Efficient Computation of Steady States of Logical Models of Biological Systems

Logical models have been used to model biological systems and have significant applications to carry as much as possible qualitative information out from the system. Although the logical models have a relatively simple structure, but their analysis is not a trivial work at all. In this paper, we provide an efficient algorithm due to the novel computer algebraic tools to find steady states of a logical model. It is worth noting that the computer algebraic techniques are already employed to solve this problem, however their approach needs many evaluations of parameters which increases the volume of computations. More precisely, it needs 2^p computations of Gröbner basis where p is a prime number greater than all maximum expression level of nodes in the logical model. In our method, there is no need to several evaluation of parameters, as all possible cases will be analyzed at once and it needs to compute just one comprehensive Gröbner system.
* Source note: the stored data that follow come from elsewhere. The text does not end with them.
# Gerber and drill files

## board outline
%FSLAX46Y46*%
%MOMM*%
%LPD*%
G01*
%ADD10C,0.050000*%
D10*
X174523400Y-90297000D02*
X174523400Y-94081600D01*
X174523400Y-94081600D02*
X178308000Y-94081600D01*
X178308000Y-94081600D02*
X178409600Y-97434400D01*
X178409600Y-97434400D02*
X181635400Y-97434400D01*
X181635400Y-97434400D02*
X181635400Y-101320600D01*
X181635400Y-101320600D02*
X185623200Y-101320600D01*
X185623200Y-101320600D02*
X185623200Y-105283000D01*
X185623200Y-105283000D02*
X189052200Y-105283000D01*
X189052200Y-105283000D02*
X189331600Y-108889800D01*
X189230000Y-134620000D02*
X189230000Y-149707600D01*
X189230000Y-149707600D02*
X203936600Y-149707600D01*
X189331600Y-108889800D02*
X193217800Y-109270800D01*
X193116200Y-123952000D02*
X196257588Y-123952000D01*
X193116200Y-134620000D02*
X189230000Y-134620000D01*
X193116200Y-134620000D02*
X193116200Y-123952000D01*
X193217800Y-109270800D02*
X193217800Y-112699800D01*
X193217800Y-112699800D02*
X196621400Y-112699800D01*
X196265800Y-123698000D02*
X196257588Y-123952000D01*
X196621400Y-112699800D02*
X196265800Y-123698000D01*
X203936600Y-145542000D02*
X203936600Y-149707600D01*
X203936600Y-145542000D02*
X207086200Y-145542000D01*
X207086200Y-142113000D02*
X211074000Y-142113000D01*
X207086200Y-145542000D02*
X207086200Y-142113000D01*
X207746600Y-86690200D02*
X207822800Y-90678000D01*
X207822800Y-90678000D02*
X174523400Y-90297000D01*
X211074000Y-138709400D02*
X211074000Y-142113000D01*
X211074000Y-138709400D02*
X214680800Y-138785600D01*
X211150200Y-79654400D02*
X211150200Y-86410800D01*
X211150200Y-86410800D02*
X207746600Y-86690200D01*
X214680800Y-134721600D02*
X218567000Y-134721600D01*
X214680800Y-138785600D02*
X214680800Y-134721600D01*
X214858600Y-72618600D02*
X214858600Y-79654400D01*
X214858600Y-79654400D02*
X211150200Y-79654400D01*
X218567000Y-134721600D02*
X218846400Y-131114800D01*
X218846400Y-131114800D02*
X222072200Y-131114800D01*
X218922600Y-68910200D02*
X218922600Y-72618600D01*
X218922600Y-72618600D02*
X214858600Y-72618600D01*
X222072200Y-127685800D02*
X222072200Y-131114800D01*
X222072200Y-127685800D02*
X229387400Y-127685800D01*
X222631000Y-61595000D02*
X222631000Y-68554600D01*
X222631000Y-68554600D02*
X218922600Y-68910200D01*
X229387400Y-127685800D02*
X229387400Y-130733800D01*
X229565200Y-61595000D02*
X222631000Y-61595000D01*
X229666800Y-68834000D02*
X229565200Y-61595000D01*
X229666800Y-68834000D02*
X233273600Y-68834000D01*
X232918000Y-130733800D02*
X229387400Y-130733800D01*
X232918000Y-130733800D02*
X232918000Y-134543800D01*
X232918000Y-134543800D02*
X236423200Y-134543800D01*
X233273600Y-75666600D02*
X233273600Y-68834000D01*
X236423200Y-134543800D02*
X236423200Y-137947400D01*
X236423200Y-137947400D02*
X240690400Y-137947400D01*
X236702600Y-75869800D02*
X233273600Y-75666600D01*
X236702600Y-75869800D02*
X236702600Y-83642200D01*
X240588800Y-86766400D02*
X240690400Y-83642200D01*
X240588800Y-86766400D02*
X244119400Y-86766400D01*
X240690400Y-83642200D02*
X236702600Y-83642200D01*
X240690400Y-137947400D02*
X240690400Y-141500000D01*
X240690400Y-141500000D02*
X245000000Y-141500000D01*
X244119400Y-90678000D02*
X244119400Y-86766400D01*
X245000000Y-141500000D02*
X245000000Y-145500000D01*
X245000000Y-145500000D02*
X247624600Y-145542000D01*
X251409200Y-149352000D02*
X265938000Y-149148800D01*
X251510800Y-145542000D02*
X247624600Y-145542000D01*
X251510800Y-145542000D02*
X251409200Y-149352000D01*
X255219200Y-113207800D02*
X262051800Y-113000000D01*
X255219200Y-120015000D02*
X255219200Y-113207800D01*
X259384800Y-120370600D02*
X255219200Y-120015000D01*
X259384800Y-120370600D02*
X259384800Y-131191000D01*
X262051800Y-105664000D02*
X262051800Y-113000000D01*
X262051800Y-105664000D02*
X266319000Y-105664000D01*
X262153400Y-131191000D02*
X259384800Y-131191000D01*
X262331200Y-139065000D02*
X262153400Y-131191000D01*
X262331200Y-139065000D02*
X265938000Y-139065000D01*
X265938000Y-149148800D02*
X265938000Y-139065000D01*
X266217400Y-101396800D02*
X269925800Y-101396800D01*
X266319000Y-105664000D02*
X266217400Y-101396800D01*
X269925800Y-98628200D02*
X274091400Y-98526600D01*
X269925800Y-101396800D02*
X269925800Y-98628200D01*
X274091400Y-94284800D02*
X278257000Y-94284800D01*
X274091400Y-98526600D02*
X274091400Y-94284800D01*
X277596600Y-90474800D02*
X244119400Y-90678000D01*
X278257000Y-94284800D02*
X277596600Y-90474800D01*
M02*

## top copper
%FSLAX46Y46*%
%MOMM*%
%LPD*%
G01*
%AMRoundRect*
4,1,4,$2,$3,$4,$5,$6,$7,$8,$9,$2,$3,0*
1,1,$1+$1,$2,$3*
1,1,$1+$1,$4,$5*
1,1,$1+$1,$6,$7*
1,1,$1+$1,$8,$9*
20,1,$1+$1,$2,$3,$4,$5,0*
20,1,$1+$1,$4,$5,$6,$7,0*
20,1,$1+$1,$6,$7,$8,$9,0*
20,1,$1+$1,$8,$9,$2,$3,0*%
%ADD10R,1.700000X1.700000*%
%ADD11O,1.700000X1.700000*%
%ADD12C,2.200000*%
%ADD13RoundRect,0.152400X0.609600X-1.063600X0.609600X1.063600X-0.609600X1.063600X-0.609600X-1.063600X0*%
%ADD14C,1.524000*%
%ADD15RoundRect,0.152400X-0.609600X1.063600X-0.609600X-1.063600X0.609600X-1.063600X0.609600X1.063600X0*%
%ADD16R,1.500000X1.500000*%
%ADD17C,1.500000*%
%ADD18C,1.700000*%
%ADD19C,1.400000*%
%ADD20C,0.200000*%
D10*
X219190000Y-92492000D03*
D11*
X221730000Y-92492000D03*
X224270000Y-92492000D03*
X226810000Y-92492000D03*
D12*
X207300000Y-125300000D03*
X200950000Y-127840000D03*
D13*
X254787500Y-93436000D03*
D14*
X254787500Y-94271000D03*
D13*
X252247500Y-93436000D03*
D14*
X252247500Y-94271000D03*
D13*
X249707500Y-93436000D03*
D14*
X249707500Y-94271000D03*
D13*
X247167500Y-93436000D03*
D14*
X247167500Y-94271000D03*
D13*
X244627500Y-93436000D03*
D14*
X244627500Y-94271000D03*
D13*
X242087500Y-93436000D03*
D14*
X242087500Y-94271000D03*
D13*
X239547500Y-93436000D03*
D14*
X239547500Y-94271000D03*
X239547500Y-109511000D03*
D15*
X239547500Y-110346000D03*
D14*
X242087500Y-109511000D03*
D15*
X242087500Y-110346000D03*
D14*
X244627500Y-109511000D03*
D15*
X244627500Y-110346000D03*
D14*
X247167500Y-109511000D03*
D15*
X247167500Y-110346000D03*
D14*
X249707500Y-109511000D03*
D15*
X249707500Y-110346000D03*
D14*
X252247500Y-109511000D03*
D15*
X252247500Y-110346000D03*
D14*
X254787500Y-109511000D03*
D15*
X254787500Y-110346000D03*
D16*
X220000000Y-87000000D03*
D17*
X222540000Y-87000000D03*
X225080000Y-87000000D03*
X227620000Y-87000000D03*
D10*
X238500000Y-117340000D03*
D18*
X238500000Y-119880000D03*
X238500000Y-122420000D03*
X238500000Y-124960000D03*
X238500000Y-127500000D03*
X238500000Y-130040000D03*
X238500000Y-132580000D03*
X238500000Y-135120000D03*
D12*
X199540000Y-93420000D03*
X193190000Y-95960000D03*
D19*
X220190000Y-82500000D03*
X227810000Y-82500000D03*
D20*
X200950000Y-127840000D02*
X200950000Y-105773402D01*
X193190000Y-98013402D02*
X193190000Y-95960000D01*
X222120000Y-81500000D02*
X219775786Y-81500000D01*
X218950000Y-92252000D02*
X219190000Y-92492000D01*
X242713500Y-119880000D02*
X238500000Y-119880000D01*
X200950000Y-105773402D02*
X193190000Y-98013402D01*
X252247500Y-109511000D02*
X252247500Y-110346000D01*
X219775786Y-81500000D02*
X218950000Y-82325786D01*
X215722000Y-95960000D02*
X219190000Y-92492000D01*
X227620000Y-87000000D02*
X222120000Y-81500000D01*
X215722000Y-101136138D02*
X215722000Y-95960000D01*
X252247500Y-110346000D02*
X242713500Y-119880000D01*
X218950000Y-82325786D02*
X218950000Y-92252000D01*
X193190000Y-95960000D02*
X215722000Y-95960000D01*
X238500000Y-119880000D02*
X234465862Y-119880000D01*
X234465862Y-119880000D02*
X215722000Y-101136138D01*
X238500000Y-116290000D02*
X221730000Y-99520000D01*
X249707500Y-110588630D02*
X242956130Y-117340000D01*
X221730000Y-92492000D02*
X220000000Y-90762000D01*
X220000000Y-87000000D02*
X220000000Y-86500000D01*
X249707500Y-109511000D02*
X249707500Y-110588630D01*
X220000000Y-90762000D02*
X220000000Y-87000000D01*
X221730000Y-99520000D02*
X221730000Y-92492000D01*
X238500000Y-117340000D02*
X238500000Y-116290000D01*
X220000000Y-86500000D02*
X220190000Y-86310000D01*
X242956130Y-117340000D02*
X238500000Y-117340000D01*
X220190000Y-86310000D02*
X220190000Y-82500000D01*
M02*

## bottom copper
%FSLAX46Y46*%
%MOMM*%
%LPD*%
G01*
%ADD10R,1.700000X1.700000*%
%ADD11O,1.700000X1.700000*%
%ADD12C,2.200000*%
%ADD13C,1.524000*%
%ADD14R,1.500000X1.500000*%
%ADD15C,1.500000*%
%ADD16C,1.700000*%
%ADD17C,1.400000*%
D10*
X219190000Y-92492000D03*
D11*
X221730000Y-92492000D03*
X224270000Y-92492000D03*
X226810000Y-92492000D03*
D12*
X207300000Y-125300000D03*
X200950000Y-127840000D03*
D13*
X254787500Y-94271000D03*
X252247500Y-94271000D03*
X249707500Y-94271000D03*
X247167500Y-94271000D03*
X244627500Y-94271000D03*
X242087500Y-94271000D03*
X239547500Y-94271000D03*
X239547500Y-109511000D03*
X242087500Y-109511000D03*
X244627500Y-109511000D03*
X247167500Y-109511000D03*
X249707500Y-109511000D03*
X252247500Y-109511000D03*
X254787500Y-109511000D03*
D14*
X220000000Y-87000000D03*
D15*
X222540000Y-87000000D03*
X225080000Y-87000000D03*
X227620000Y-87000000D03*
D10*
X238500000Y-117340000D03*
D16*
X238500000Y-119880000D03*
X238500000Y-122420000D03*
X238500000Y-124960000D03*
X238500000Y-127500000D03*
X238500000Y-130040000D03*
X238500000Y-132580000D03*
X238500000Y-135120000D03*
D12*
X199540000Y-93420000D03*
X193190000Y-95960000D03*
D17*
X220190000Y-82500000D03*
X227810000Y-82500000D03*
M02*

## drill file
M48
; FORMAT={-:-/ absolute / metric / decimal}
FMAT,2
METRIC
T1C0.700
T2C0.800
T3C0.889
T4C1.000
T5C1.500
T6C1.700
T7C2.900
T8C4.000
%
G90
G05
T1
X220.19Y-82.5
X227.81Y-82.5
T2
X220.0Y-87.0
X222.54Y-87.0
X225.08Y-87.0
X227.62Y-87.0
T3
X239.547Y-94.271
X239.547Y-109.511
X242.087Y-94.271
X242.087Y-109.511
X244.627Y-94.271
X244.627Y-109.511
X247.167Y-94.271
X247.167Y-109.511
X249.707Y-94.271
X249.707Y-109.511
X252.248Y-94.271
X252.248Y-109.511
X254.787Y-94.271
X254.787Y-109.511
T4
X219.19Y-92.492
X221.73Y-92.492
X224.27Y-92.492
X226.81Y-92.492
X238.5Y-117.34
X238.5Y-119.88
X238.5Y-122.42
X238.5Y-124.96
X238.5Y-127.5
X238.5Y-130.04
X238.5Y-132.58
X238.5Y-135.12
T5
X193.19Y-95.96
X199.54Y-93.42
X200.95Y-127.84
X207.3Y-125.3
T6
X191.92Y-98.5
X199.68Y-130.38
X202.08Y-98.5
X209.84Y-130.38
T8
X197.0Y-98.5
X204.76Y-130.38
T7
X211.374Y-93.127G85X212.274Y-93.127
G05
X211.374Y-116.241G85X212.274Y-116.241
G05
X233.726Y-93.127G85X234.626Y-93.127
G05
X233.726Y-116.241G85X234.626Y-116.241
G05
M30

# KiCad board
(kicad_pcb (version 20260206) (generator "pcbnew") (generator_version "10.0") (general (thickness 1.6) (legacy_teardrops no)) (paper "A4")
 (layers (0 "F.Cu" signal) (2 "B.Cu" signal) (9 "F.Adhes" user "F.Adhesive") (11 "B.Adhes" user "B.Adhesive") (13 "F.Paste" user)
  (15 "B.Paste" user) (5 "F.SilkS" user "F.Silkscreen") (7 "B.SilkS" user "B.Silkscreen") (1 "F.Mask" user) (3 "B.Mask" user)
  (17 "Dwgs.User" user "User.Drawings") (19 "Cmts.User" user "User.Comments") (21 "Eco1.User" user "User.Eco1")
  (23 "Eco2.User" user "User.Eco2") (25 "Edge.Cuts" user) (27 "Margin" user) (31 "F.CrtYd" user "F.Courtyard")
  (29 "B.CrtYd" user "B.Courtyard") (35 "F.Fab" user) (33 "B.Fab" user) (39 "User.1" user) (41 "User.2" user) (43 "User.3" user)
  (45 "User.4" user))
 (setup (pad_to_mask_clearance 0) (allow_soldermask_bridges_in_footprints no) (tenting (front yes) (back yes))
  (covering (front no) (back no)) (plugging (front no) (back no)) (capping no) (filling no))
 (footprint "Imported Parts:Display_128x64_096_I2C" (layer "F.Cu") (at 223 92.492)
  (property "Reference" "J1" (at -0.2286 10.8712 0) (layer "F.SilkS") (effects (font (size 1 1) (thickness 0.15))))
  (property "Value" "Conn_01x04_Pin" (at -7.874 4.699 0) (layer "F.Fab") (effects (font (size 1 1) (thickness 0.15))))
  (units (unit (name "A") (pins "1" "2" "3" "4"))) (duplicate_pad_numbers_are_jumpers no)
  (pad "" np_thru_hole oval (at -11.176 0.635) (size 3.8 2.9) (drill oval 3.8 2.9) (layers "*.Cu" "*.Mask"))
  (pad "" np_thru_hole oval (at -11.176 23.749) (size 3.8 2.9) (drill oval 3.8 2.9) (layers "*.Cu" "*.Mask"))
  (pad "" np_thru_hole oval (at 11.176 0.635) (size 3.8 2.9) (drill oval 3.8 2.9) (layers "*.Cu" "*.Mask"))
  (pad "" np_thru_hole oval (at 11.176 23.749) (size 3.8 2.9) (drill oval 3.8 2.9) (layers "*.Cu" "*.Mask"))
  (pad "1" thru_hole rect (at -3.81 0 90) (size 1.7 1.7) (drill 1) (layers "*.Cu" "*.Mask") (remove_unused_layers no) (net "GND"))
  (pad "2" thru_hole oval (at -1.27 0 90) (size 1.7 1.7) (drill 1) (layers "*.Cu" "*.Mask") (remove_unused_layers no) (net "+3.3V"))
  (pad "3" thru_hole oval (at 1.27 0 90) (size 1.7 1.7) (drill 1) (layers "*.Cu" "*.Mask") (remove_unused_layers no)
   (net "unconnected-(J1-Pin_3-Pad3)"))
  (pad "4" thru_hole oval (at 3.81 0 90) (size 1.7 1.7) (drill 1) (layers "*.Cu" "*.Mask") (remove_unused_layers no)
   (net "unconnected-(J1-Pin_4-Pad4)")))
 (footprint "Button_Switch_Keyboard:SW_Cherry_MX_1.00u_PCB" (layer "F.Cu") (at 207.3 125.3)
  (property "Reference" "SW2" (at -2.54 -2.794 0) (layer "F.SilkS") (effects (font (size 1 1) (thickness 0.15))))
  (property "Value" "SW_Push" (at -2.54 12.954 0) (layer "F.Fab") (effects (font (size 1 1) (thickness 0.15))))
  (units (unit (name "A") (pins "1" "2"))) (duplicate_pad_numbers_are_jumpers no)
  (pad "" np_thru_hole circle (at -7.62 5.08) (size 1.7 1.7) (drill 1.7) (layers "*.Cu" "*.Mask"))
  (pad "" np_thru_hole circle (at -2.54 5.08) (size 4 4) (drill 4) (layers "*.Cu" "*.Mask"))
  (pad "" np_thru_hole circle (at 2.54 5.08) (size 1.7 1.7) (drill 1.7) (layers "*.Cu" "*.Mask"))
  (pad "1" thru_hole circle (at 0 0) (size 2.2 2.2) (drill 1.5) (layers "*.Cu" "*.Mask") (remove_unused_layers no)
   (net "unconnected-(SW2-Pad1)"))
  (pad "2" thru_hole circle (at -6.35 2.54) (size 2.2 2.2) (drill 1.5) (layers "*.Cu" "*.Mask") (remove_unused_layers no) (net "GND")))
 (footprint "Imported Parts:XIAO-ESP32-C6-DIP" (layer "F.Cu") (at 247.1675 101.891)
The efficiency of our method comes from the advantages and notable properties of comprehensive Gröbner system which is a novel computational tool in the context of computer algebra. The application of comprehensive Gröbner system is in fact, the analysis of a system of polynomial equations in which the coefficients contain some parameters. By applying comprehensive Gröbner systems, one can detect all cases for which a polynomial system has any solutions and provide all of the solutions. There are also a number of efficient algorithms and implementations to compute comprehensive Gröbner systems.